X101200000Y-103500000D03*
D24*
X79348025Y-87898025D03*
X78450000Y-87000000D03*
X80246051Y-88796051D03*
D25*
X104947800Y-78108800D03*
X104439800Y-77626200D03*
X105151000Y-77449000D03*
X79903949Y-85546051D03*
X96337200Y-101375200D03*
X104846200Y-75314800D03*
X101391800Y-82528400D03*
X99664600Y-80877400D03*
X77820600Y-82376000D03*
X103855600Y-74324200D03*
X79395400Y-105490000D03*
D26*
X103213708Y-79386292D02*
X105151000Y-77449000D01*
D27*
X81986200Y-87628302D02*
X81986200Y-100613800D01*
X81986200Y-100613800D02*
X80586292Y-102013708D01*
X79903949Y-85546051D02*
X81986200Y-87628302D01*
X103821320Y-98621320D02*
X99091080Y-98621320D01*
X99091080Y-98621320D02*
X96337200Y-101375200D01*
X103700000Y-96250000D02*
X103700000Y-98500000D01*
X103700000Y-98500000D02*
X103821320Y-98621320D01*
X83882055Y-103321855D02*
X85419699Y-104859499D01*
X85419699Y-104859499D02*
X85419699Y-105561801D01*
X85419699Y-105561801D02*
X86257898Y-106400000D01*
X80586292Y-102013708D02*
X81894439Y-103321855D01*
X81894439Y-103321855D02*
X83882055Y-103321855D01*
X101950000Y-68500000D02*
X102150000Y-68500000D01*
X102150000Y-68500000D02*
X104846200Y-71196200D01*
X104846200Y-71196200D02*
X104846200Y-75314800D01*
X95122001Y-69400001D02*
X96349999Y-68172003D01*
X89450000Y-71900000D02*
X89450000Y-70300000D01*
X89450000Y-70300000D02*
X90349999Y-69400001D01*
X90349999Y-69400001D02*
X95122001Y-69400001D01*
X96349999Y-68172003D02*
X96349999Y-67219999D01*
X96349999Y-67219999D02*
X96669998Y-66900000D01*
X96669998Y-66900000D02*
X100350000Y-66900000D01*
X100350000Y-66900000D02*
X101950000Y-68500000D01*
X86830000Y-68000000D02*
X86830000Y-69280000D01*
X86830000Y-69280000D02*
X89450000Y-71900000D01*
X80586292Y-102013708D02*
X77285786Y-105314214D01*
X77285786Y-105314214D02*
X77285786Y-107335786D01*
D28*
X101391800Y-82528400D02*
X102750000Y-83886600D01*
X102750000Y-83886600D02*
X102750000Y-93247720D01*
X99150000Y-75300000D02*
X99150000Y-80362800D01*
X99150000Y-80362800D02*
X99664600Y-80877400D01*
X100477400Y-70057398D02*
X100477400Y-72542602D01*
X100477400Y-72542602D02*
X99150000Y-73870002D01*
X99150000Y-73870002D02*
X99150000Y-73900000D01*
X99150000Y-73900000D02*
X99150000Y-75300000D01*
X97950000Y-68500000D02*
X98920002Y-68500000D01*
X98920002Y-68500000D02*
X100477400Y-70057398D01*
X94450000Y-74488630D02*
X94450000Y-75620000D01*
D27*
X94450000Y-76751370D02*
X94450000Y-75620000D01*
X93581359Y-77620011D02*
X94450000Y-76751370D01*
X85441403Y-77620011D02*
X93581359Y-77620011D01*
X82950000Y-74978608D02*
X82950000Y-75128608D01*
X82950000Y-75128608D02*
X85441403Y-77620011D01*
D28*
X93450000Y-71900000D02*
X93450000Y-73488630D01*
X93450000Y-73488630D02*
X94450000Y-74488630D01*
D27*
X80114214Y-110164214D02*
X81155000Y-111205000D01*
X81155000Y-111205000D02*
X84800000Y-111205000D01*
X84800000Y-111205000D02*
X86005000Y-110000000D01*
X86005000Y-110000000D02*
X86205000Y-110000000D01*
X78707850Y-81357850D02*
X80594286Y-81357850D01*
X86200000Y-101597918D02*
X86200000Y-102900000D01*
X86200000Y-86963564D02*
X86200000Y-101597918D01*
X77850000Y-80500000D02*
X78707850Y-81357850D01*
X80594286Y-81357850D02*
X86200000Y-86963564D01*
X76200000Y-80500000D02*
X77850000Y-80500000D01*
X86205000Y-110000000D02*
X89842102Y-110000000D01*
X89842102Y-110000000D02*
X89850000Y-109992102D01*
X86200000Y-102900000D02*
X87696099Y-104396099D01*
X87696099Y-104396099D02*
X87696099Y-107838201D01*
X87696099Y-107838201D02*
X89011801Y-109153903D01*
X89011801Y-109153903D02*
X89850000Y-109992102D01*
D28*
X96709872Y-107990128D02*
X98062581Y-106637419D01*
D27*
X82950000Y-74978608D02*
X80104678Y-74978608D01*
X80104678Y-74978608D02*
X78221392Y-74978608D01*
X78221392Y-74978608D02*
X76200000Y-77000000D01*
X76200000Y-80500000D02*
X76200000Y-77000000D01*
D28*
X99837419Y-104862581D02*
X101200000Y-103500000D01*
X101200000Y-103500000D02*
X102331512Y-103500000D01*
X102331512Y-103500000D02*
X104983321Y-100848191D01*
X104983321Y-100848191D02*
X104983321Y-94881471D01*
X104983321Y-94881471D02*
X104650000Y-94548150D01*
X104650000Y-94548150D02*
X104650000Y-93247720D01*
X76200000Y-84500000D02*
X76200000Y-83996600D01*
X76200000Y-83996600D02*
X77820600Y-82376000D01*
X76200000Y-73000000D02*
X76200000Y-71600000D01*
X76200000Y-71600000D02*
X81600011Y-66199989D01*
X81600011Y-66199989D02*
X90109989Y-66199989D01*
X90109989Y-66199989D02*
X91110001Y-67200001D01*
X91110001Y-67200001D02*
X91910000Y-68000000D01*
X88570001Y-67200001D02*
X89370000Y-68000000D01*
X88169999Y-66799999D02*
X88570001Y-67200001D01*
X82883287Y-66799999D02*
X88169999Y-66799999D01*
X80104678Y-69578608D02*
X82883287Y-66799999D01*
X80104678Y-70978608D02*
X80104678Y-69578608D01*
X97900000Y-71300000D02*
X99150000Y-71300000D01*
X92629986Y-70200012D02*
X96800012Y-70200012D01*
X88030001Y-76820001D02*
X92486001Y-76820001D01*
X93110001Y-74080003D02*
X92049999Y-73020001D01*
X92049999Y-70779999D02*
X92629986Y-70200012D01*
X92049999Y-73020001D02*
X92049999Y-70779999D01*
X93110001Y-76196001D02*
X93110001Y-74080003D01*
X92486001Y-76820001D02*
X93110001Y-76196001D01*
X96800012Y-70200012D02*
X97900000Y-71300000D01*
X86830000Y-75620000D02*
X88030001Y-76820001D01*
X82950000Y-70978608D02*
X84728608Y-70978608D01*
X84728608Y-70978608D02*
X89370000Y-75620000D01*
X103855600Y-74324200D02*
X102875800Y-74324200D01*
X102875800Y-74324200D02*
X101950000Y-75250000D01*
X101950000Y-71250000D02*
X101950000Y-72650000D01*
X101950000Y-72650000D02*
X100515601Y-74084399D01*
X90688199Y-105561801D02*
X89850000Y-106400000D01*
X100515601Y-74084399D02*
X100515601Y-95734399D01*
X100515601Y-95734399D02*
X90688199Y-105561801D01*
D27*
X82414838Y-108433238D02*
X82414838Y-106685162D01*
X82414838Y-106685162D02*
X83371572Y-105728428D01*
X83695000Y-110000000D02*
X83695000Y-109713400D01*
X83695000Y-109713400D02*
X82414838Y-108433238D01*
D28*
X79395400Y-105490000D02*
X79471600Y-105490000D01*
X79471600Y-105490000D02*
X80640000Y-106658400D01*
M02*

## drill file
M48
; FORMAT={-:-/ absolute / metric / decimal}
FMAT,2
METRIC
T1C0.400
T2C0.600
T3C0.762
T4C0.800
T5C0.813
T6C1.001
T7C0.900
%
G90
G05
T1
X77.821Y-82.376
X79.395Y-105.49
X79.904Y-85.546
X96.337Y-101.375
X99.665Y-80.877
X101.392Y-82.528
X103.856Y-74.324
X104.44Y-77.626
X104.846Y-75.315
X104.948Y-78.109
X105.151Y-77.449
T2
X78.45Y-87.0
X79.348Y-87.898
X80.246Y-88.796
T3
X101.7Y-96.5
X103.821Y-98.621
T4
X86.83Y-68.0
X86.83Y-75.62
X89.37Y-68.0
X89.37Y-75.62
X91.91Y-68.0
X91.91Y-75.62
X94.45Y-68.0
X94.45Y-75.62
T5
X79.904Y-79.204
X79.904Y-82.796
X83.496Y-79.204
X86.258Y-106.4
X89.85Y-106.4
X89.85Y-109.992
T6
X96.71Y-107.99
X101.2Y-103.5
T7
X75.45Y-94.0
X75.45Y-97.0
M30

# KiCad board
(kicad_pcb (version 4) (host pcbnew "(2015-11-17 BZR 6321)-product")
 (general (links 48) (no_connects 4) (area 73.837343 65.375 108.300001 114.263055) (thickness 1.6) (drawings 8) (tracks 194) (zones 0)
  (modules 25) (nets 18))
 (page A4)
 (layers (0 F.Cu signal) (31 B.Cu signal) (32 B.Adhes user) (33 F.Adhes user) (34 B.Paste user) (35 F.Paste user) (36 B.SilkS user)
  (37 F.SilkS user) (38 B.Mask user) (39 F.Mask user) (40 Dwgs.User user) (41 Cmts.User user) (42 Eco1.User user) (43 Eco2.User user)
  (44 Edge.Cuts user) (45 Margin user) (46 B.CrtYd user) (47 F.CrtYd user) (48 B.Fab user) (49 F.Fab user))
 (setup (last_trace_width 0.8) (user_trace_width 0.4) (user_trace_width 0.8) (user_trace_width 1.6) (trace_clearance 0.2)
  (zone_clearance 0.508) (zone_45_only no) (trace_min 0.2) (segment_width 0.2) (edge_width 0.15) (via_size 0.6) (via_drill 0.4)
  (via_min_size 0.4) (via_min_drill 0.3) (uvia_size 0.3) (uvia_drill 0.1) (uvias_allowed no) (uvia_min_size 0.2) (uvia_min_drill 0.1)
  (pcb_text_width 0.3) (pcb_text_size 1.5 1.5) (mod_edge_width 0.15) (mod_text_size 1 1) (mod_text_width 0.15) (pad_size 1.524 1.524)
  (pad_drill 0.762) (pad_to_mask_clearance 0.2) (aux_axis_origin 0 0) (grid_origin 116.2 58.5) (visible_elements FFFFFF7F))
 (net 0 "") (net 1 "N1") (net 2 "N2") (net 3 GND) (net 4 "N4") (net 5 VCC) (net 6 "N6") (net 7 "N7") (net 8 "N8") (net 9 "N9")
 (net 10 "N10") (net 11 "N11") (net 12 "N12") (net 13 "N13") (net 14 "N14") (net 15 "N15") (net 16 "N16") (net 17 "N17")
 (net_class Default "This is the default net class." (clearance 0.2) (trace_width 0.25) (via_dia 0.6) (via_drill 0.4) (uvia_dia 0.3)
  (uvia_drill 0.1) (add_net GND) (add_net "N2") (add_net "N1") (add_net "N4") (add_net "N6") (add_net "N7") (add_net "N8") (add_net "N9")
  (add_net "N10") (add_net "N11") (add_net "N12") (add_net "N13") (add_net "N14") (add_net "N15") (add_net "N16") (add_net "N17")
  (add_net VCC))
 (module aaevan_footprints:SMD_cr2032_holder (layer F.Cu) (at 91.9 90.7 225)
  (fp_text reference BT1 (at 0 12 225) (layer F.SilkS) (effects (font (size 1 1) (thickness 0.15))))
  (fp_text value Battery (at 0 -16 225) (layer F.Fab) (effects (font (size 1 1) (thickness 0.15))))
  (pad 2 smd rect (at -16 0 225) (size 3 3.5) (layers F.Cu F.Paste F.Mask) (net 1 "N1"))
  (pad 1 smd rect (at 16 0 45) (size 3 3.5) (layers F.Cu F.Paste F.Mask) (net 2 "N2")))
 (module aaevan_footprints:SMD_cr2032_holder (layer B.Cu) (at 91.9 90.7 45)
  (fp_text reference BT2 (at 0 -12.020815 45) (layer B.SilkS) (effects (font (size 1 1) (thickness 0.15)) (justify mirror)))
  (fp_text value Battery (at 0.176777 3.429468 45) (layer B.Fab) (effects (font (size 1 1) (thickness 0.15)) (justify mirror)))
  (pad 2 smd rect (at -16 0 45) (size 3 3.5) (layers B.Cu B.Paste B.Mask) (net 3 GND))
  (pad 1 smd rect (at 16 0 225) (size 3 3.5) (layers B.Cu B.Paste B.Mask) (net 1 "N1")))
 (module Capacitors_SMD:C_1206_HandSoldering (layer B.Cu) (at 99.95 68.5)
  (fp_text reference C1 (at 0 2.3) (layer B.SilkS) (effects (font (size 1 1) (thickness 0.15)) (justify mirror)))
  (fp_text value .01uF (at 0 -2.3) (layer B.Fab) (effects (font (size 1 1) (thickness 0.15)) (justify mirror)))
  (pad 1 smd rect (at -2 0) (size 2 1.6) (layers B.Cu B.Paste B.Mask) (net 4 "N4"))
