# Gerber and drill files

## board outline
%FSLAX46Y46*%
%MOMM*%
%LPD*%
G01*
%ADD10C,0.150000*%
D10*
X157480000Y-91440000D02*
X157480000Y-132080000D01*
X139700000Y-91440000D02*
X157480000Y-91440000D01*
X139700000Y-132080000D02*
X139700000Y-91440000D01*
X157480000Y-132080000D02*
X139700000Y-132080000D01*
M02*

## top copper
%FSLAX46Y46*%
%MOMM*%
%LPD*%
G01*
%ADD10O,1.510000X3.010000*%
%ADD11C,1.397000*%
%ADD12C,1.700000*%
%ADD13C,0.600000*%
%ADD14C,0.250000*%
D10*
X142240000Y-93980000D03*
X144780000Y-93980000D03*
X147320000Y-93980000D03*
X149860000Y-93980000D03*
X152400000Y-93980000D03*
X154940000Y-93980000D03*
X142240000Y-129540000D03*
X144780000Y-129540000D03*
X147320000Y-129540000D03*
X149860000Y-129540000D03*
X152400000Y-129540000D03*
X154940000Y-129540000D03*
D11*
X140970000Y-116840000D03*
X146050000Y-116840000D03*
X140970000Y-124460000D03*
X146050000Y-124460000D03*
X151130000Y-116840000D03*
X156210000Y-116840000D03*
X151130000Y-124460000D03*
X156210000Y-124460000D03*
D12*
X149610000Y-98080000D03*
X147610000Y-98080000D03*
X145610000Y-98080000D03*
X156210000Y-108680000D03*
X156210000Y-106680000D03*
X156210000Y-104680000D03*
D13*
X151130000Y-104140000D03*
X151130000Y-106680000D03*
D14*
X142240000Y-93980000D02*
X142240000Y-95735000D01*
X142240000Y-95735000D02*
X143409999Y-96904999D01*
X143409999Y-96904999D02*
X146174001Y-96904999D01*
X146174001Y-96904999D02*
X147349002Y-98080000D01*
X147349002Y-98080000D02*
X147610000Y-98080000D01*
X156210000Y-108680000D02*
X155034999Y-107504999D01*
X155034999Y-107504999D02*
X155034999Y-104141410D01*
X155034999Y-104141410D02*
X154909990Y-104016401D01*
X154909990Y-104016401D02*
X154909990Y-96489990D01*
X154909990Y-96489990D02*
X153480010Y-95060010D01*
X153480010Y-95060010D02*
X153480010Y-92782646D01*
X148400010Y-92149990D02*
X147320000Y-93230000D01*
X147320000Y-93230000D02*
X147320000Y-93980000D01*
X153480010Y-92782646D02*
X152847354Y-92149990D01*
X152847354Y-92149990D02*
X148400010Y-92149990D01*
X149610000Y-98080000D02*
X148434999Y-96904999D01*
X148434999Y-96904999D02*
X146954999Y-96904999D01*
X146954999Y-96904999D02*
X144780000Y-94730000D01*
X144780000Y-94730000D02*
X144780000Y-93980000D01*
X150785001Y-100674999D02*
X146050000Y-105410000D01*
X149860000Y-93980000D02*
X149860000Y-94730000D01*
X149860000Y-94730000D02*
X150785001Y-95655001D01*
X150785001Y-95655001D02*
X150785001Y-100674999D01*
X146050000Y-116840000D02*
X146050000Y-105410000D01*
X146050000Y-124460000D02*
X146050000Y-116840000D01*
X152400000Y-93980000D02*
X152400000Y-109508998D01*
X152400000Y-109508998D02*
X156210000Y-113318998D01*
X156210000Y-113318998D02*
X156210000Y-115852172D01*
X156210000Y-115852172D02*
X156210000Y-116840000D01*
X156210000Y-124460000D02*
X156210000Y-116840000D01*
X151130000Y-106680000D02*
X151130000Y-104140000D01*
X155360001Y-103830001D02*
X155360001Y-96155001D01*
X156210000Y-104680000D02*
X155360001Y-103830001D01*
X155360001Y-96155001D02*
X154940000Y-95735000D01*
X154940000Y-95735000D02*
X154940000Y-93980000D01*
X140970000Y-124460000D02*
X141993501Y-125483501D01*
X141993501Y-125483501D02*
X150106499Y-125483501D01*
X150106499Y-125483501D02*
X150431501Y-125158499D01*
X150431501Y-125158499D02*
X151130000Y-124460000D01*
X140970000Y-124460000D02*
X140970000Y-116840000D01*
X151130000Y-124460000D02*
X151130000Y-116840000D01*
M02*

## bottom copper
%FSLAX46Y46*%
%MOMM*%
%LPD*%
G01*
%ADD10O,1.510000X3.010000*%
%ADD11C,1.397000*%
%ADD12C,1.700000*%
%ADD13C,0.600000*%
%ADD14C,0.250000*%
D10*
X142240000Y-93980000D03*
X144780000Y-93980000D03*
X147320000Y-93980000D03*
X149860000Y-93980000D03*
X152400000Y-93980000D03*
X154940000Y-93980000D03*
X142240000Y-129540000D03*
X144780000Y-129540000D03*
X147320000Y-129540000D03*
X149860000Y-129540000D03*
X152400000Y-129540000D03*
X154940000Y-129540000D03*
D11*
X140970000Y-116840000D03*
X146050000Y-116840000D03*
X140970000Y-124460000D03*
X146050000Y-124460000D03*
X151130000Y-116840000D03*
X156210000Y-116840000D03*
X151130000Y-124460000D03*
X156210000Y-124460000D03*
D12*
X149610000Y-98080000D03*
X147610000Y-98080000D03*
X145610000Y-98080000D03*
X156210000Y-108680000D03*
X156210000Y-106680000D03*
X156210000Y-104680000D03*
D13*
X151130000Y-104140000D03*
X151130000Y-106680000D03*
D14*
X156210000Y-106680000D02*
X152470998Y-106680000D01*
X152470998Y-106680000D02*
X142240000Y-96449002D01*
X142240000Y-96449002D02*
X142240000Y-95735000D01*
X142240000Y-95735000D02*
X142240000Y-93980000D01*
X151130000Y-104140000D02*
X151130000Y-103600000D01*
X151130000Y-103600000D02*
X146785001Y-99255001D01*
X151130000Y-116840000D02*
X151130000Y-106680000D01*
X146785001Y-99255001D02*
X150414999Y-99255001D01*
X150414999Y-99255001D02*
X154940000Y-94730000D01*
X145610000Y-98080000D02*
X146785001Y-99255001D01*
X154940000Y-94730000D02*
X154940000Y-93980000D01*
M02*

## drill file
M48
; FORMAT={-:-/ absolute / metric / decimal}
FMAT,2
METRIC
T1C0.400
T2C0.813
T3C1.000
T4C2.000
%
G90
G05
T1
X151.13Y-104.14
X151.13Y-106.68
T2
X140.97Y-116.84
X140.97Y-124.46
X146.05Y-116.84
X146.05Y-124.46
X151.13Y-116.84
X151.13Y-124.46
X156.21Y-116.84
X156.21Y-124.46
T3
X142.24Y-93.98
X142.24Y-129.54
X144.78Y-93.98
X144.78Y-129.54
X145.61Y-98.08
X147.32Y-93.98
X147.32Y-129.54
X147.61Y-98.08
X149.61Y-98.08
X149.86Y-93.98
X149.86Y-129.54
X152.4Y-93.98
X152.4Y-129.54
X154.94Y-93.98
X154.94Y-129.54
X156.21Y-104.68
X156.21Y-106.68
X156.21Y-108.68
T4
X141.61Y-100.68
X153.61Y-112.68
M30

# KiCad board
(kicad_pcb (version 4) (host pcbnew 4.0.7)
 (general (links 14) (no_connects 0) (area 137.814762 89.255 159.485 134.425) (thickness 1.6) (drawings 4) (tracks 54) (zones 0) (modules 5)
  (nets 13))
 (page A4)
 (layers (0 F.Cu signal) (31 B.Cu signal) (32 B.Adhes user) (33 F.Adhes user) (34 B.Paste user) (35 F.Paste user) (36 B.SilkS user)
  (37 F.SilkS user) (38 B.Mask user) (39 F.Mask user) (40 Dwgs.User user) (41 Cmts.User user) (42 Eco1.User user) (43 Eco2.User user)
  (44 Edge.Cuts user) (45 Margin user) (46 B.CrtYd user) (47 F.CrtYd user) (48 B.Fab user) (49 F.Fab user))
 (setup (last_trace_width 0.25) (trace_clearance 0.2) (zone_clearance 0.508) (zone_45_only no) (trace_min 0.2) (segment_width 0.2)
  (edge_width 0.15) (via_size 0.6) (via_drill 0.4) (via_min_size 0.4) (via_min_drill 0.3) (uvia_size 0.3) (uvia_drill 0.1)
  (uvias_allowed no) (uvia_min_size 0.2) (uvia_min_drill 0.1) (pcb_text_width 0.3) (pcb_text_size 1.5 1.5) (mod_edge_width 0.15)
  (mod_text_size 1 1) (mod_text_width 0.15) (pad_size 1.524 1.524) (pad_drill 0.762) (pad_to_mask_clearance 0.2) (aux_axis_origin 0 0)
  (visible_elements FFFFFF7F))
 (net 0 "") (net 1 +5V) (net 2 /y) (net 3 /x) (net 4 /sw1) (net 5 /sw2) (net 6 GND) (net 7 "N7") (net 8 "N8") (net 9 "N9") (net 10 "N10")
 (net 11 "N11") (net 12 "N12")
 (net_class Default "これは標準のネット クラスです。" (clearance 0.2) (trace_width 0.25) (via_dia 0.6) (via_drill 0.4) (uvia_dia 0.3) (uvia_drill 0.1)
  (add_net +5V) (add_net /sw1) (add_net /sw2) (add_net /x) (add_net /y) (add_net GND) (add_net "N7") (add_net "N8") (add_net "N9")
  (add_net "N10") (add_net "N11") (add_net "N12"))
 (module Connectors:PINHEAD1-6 (layer F.Cu) (at 142.24 93.98)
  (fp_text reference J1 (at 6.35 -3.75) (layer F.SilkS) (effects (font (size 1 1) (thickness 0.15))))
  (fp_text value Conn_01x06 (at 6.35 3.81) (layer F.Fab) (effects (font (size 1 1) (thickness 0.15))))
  (pad 1 thru_hole oval (at 0 0) (size 1.51 3.01) (drill 1) (layers *.Cu *.Mask) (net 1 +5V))
  (pad 2 thru_hole oval (at 2.54 0) (size 1.51 3.01) (drill 1) (layers *.Cu *.Mask) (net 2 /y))
  (pad 3 thru_hole oval (at 5.08 0) (size 1.51 3.01) (drill 1) (layers *.Cu *.Mask) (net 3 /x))
  (pad 4 thru_hole oval (at 7.62 0) (size 1.51 3.01) (drill 1) (layers *.Cu *.Mask) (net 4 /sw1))
  (pad 5 thru_hole oval (at 10.16 0) (size 1.51 3.01) (drill 1) (layers *.Cu *.Mask) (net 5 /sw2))
  (pad 6 thru_hole oval (at 12.7 0) (size 1.51 3.01) (drill 1) (layers *.Cu *.Mask) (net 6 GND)))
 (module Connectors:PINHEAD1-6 (layer F.Cu) (at 142.24 129.54)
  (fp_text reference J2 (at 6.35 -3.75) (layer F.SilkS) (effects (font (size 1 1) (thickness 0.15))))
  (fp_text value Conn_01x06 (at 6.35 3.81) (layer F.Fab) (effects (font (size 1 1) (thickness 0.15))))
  (pad 1 thru_hole oval (at 0 0) (size 1.51 3.01) (drill 1) (layers *.Cu *.Mask) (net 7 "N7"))
  (pad 2 thru_hole oval (at 2.54 0) (size 1.51 3.01) (drill 1) (layers *.Cu *.Mask) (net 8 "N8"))
  (pad 3 thru_hole oval (at 5.08 0) (size 1.51 3.01) (drill 1) (layers *.Cu *.Mask) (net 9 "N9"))
  (pad 4 thru_hole oval (at 7.62 0) (size 1.51 3.01) (drill 1) (layers *.Cu *.Mask) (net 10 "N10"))
  (pad 5 thru_hole oval (at 10.16 0) (size 1.51 3.01) (drill 1) (layers *.Cu *.Mask) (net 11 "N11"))
  (pad 6 thru_hole oval (at 12.7 0) (size 1.51 3.01) (drill 1) (layers *.Cu *.Mask) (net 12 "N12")))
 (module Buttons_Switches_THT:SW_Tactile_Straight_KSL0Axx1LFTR (layer F.Cu) (at 140.97 124.46 90)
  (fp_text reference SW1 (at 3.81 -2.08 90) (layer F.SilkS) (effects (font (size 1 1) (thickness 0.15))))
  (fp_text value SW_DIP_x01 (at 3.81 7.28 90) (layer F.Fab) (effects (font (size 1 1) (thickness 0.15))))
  (pad 1 thru_hole circle (at 7.62 0 90) (size 1.397 1.397) (drill 0.8128) (layers *.Cu *.Mask) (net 6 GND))
  (pad 2 thru_hole circle (at 7.62 5.08 90) (size 1.397 1.397) (drill 0.8128) (layers *.Cu *.Mask) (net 4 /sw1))
  (pad 1 thru_hole circle (at 0 0 90) (size 1.397 1.397) (drill 0.8128) (layers *.Cu *.Mask) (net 6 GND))
  (pad 2 thru_hole circle (at 0 5.08 90) (size 1.397 1.397) (drill 0.8128) (layers *.Cu *.Mask) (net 4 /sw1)))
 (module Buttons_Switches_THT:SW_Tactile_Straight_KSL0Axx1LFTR (layer F.Cu) (at 151.13 124.46 90)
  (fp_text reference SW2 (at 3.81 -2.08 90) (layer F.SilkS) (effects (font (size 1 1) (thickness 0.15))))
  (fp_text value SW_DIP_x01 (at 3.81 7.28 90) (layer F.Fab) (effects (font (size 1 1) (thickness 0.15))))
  (pad 1 thru_hole circle (at 7.62 0 90) (size 1.397 1.397) (drill 0.8128) (layers *.Cu *.Mask) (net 6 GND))
  (pad 2 thru_hole circle (at 7.62 5.08 90) (size 1.397 1.397) (drill 0.8128) (layers *.Cu *.Mask) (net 5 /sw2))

__EXERCISE DIRECTIONS__. Beginning with the first line of the entries, repeat each line exactly until you have reproduced the one containing "X99150000Y-73870002D02*", and add nothing further.

__OUTPUT OF THE TASK__.
X101200000Y-103500000D03*
D24*
X79348025Y-87898025D03*
X78450000Y-87000000D03*
X80246051Y-88796051D03*
D25*
X104947800Y-78108800D03*
X104439800Y-77626200D03*
X105151000Y-77449000D03*
X79903949Y-85546051D03*
X96337200Y-101375200D03*
X104846200Y-75314800D03*
X101391800Y-82528400D03*
X99664600Y-80877400D03*
X77820600Y-82376000D03*
X103855600Y-74324200D03*
X79395400Y-105490000D03*
D26*
X103213708Y-79386292D02*
X105151000Y-77449000D01*
D27*
X81986200Y-87628302D02*
X81986200Y-100613800D01*
X81986200Y-100613800D02*
X80586292Y-102013708D01*
X79903949Y-85546051D02*
X81986200Y-87628302D01*
X103821320Y-98621320D02*
X99091080Y-98621320D01*
X99091080Y-98621320D02*
X96337200Y-101375200D01*
X103700000Y-96250000D02*
X103700000Y-98500000D01*
X103700000Y-98500000D02*
X103821320Y-98621320D01*
X83882055Y-103321855D02*
X85419699Y-104859499D01*
X85419699Y-104859499D02*
X85419699Y-105561801D01*
X85419699Y-105561801D02*
X86257898Y-106400000D01*
X80586292Y-102013708D02*
X81894439Y-103321855D01*
X81894439Y-103321855D02*
X83882055Y-103321855D01*
X101950000Y-68500000D02*
X102150000Y-68500000D01*
X102150000Y-68500000D02*
X104846200Y-71196200D01*
X104846200Y-71196200D02*
X104846200Y-75314800D01*
X95122001Y-69400001D02*
X96349999Y-68172003D01*
X89450000Y-71900000D02*
X89450000Y-70300000D01*
X89450000Y-70300000D02*
X90349999Y-69400001D01*
X90349999Y-69400001D02*
X95122001Y-69400001D01*
X96349999Y-68172003D02*
X96349999Y-67219999D01*
X96349999Y-67219999D02*
X96669998Y-66900000D01*
X96669998Y-66900000D02*
X100350000Y-66900000D01*
X100350000Y-66900000D02*
X101950000Y-68500000D01*
X86830000Y-68000000D02*
X86830000Y-69280000D01*
X86830000Y-69280000D02*
X89450000Y-71900000D01*
X80586292Y-102013708D02*
X77285786Y-105314214D01*
X77285786Y-105314214D02*
X77285786Y-107335786D01*
D28*
X101391800Y-82528400D02*
X102750000Y-83886600D01*
X102750000Y-83886600D02*
X102750000Y-93247720D01*
X99150000Y-75300000D02*
X99150000Y-80362800D01*
X99150000Y-80362800D02*
X99664600Y-80877400D01*
X100477400Y-70057398D02*
X100477400Y-72542602D01*
X100477400Y-72542602D02*
X99150000Y-73870002D01*
X99150000Y-73870002D02*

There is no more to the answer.